One talk that caught my attention was by Kannan Soundarajan. Apparently it is known that, if you choose a random character of the symmetric group and evaluate it on a random group element, then the probability that the result is 0 tends to 1 as the degree of the symmetric group grows. He and his coauthor had attacked a different question: what if instead you choose a random entry of the character table (that is, a random character evaluated on elements of a random conjugacy class)? What changes is that we are choosing a random conjugacy class instead of a random group element. The conjugacy class sizes in the symmetric group vary from tiny (the transpositions) to huge, essentially a fraction 1/n of the group order for the symmtric group of degree n, for elements with a cycle of length close to n. They cannot prove that the entry is zero with high probability, but can show that for a fixed prime the entry is divisible by that prime with high probability. (“Random” here means “from the uniform distribution”.)
I could see no reason for choosing the character at random. It seemed to me more natural to use the Plancherel measure, which makes the probability of a character proportional to the square of its degree (so that, in the symmetric group, the probability of the character indexed by a partition λ is equal to the number of pairs of Young tableaux of shape λ divided by n!. This gives two further problems, since we may choose a random element or a random conjugacy class.

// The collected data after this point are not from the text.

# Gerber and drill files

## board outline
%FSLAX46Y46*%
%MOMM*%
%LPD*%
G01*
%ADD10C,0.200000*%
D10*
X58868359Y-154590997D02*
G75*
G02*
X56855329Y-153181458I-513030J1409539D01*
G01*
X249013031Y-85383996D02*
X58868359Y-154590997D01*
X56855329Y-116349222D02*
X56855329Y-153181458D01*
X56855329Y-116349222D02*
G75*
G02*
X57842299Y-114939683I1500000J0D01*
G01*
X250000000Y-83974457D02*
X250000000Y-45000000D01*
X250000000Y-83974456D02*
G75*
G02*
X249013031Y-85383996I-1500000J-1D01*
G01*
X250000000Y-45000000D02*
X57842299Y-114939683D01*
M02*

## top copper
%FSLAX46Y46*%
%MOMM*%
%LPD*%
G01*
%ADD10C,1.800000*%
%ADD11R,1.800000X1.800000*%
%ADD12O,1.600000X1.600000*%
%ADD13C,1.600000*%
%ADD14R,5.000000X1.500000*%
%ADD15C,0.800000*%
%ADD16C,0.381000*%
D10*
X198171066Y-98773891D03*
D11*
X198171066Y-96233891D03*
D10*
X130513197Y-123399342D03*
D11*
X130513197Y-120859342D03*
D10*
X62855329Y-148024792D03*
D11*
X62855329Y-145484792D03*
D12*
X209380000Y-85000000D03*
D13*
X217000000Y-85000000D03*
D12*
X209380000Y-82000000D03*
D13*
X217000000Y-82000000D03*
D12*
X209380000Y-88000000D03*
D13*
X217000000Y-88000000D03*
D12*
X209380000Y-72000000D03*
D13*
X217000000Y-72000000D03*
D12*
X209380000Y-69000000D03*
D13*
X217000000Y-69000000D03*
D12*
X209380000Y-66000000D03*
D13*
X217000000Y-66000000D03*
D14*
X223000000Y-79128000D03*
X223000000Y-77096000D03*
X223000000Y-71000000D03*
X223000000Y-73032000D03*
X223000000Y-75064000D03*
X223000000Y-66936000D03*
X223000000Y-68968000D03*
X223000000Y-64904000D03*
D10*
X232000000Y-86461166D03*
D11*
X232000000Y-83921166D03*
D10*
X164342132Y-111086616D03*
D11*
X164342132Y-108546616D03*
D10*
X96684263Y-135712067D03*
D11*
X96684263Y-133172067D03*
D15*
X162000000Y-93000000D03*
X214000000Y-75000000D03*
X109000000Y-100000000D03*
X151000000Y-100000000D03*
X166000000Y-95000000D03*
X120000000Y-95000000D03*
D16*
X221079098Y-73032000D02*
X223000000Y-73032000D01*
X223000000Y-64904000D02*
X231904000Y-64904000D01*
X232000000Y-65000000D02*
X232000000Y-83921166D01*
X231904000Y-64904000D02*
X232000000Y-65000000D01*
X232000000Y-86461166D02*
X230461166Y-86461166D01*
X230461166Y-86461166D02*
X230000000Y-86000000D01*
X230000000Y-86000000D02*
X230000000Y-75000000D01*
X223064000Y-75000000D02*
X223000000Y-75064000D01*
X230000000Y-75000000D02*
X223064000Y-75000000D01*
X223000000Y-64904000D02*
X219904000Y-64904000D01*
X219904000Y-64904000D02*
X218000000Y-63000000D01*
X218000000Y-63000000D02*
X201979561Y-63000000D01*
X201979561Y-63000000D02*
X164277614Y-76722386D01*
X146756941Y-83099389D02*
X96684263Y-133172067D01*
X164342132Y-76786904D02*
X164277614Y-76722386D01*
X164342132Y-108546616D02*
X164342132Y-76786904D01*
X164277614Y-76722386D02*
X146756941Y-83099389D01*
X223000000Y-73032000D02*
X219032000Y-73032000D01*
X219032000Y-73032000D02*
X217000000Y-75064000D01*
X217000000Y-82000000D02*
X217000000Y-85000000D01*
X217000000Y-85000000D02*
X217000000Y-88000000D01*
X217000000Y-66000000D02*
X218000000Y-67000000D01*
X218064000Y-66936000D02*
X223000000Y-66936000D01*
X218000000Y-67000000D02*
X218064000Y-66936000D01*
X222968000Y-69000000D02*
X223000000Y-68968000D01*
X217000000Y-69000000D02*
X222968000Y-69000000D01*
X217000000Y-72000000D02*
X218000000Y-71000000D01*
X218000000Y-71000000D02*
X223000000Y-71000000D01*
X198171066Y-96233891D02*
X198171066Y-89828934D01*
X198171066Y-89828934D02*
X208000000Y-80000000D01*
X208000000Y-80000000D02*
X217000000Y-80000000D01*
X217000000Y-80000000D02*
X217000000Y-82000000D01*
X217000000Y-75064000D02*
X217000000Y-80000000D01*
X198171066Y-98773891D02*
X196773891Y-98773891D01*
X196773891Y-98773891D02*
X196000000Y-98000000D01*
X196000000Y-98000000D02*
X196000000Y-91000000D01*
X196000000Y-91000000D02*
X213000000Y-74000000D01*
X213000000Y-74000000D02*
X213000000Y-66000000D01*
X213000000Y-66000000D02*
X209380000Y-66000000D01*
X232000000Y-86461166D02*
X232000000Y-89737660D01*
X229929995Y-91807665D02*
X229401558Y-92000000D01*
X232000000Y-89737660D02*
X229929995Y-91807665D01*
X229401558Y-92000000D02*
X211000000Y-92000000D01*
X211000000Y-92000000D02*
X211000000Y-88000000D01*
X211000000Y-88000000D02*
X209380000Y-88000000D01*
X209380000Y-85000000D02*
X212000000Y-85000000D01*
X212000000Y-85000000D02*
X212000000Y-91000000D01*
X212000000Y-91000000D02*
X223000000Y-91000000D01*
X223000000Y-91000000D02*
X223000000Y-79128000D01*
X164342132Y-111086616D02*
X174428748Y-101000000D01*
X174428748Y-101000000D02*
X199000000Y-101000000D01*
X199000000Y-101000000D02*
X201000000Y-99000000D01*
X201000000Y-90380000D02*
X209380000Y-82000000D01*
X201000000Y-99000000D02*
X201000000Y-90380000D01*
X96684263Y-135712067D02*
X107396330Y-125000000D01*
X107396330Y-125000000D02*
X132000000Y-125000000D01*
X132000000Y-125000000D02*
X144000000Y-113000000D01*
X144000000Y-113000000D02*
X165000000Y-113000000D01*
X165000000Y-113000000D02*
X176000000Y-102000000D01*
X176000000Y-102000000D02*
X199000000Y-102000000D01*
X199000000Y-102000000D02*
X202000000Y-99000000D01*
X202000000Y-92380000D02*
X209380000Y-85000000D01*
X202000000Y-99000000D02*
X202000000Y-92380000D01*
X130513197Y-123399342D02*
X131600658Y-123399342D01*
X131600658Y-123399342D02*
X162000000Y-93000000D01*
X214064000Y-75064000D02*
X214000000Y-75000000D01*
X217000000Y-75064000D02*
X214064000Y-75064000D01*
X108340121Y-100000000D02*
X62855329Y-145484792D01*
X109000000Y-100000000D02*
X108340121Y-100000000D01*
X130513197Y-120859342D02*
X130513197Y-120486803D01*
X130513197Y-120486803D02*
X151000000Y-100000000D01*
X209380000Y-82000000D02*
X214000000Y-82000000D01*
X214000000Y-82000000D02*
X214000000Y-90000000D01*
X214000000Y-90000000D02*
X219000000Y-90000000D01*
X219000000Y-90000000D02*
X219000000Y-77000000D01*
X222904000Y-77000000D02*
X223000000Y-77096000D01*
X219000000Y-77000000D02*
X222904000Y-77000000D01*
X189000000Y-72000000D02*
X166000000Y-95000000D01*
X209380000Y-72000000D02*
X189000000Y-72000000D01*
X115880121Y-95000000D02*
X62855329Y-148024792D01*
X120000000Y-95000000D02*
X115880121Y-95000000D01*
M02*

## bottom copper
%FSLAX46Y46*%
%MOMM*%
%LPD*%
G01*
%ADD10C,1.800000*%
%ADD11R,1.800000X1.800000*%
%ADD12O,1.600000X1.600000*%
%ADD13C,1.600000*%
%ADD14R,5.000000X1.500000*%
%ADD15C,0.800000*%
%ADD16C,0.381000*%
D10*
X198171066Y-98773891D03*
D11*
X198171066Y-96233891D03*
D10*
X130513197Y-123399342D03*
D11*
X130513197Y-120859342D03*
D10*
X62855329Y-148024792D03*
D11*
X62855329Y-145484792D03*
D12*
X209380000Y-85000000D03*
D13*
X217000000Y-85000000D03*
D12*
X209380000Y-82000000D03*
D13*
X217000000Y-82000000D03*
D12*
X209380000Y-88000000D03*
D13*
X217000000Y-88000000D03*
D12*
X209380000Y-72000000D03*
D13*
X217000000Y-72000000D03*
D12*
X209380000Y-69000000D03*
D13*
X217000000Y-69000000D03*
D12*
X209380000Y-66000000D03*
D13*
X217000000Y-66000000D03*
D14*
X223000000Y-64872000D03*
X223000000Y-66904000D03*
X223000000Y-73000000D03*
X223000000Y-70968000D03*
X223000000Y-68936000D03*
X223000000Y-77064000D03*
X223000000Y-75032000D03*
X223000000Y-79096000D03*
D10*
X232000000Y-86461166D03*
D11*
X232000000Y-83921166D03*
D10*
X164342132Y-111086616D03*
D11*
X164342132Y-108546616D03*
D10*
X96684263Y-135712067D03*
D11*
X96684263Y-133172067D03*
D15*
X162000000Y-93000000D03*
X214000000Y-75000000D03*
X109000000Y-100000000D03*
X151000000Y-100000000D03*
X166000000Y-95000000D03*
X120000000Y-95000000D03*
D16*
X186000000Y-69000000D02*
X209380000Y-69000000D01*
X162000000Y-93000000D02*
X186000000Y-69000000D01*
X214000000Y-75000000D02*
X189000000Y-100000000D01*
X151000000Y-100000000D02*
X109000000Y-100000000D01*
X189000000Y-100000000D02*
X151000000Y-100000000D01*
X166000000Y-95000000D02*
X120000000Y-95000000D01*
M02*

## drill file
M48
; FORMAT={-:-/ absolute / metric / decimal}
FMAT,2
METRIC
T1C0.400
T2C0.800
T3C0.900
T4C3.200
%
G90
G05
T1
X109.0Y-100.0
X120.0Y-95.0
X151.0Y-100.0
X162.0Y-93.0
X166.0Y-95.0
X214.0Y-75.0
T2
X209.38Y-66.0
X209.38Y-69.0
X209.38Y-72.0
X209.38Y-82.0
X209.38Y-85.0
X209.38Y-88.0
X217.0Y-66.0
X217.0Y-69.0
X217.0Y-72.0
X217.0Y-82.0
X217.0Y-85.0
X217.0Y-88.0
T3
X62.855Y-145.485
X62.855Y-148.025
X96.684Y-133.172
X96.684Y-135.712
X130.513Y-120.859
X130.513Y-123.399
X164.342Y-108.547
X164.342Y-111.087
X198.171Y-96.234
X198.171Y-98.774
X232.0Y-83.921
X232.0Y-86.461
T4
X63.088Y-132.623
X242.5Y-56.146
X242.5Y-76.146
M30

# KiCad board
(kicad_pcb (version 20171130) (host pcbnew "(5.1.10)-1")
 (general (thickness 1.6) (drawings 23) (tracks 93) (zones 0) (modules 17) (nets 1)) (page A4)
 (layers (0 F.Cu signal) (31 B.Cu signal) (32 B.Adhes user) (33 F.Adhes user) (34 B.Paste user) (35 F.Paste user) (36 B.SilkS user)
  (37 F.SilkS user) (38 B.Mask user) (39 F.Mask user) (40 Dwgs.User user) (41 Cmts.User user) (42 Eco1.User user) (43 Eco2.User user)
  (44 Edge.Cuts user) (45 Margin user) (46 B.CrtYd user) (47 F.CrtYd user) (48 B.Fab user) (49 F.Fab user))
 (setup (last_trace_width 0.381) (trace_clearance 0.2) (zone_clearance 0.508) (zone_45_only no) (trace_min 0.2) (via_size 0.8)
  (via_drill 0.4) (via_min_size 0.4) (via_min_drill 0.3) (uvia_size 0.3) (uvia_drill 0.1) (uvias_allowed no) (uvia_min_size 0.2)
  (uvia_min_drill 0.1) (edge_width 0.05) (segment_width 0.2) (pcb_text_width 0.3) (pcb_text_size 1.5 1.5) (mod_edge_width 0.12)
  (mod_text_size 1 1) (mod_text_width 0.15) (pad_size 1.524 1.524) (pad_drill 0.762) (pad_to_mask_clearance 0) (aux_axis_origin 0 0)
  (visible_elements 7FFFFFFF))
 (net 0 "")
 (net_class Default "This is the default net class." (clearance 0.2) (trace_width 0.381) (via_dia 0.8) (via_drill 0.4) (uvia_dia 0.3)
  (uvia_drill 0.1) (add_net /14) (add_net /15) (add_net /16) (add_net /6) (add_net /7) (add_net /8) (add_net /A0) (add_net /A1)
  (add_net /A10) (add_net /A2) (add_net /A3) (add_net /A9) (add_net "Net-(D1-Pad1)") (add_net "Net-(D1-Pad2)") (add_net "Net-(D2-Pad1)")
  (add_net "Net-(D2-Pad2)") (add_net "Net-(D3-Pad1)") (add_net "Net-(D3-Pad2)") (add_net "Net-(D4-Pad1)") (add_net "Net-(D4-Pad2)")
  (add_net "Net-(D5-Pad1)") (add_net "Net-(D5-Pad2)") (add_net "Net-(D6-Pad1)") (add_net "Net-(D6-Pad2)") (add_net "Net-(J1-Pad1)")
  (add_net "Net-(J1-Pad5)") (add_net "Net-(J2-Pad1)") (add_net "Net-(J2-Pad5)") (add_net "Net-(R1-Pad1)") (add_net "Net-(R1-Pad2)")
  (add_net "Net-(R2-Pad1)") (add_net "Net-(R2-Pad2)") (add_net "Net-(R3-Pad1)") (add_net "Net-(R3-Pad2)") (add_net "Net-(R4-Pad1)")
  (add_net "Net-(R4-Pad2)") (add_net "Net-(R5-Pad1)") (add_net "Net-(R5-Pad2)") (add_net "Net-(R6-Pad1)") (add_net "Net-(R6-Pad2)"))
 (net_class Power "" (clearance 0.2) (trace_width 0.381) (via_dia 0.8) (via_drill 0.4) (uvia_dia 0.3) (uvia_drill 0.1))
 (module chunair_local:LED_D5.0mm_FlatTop (layer F.Cu) (at 198.171066 96.233891 270)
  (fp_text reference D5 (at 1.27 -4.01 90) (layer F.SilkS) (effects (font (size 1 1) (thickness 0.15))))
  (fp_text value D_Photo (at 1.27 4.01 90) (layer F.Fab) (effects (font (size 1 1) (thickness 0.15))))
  (pad 2 thru_hole circle (at 2.54 0 270) (size 1.8 1.8) (drill 0.9) (layers *.Cu *.Mask))
  (pad 1 thru_hole rect (at 0 0 270) (size 1.8 1.8) (drill 0.9) (layers *.Cu *.Mask)))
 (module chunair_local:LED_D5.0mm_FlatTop (layer F.Cu) (at 130.513197 120.859342 270)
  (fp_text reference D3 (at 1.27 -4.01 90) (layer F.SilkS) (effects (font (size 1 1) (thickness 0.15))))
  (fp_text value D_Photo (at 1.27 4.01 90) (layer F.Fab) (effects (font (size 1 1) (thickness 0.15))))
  (pad 2 thru_hole circle (at 2.54 0 270) (size 1.8 1.8) (drill 0.9) (layers *.Cu *.Mask))
  (pad 1 thru_hole rect (at 0 0 270) (size 1.8 1.8) (drill 0.9) (layers *.Cu *.Mask)))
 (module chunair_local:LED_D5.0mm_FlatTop (layer F.Cu) (at 62.855329 145.484792 270)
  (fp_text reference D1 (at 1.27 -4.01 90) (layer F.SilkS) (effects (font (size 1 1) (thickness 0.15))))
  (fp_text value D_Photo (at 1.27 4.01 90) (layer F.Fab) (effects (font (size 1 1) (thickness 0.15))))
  (pad 2 thru_hole circle (at 2.54 0 270) (size 1.8 1.8) (drill 0.9) (layers *.Cu *.Mask))
  (pad 1 thru_hole rect (at 0 0 270) (size 1.8 1.8) (drill 0.9) (layers *.Cu *.Mask)))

I don’t know whether this variant is easier or harder than using the uniform distribution.
As to distribution of group elements, there has been a lot of research on choosing a random element in an arbitrary group, for example using the “product replacement algorithm”. For a random conjugacy class, this can be chosen by taking a random walk on the commuting graph. In fact in the symmetric group it is easy to choose a random element: take an integer between 0 and n!−1, write it in “factoradic” form, and decode this into a permutation.
I will finish this account with a brief mention of the public lecture by Ram Murty, entitled “Ramanujan, number theory and the pandemic”. Ramanujan had been faced with the problem of finding a power series expansion for the Lambert w-function, the inverse of the function mapping z to zez. To do this, he re-invented the Lagrange inversion formula. The Lambert function appears in solving the basic differential equation of the SIR model (susceptible, infected, recovered) of the spread of an epidemic.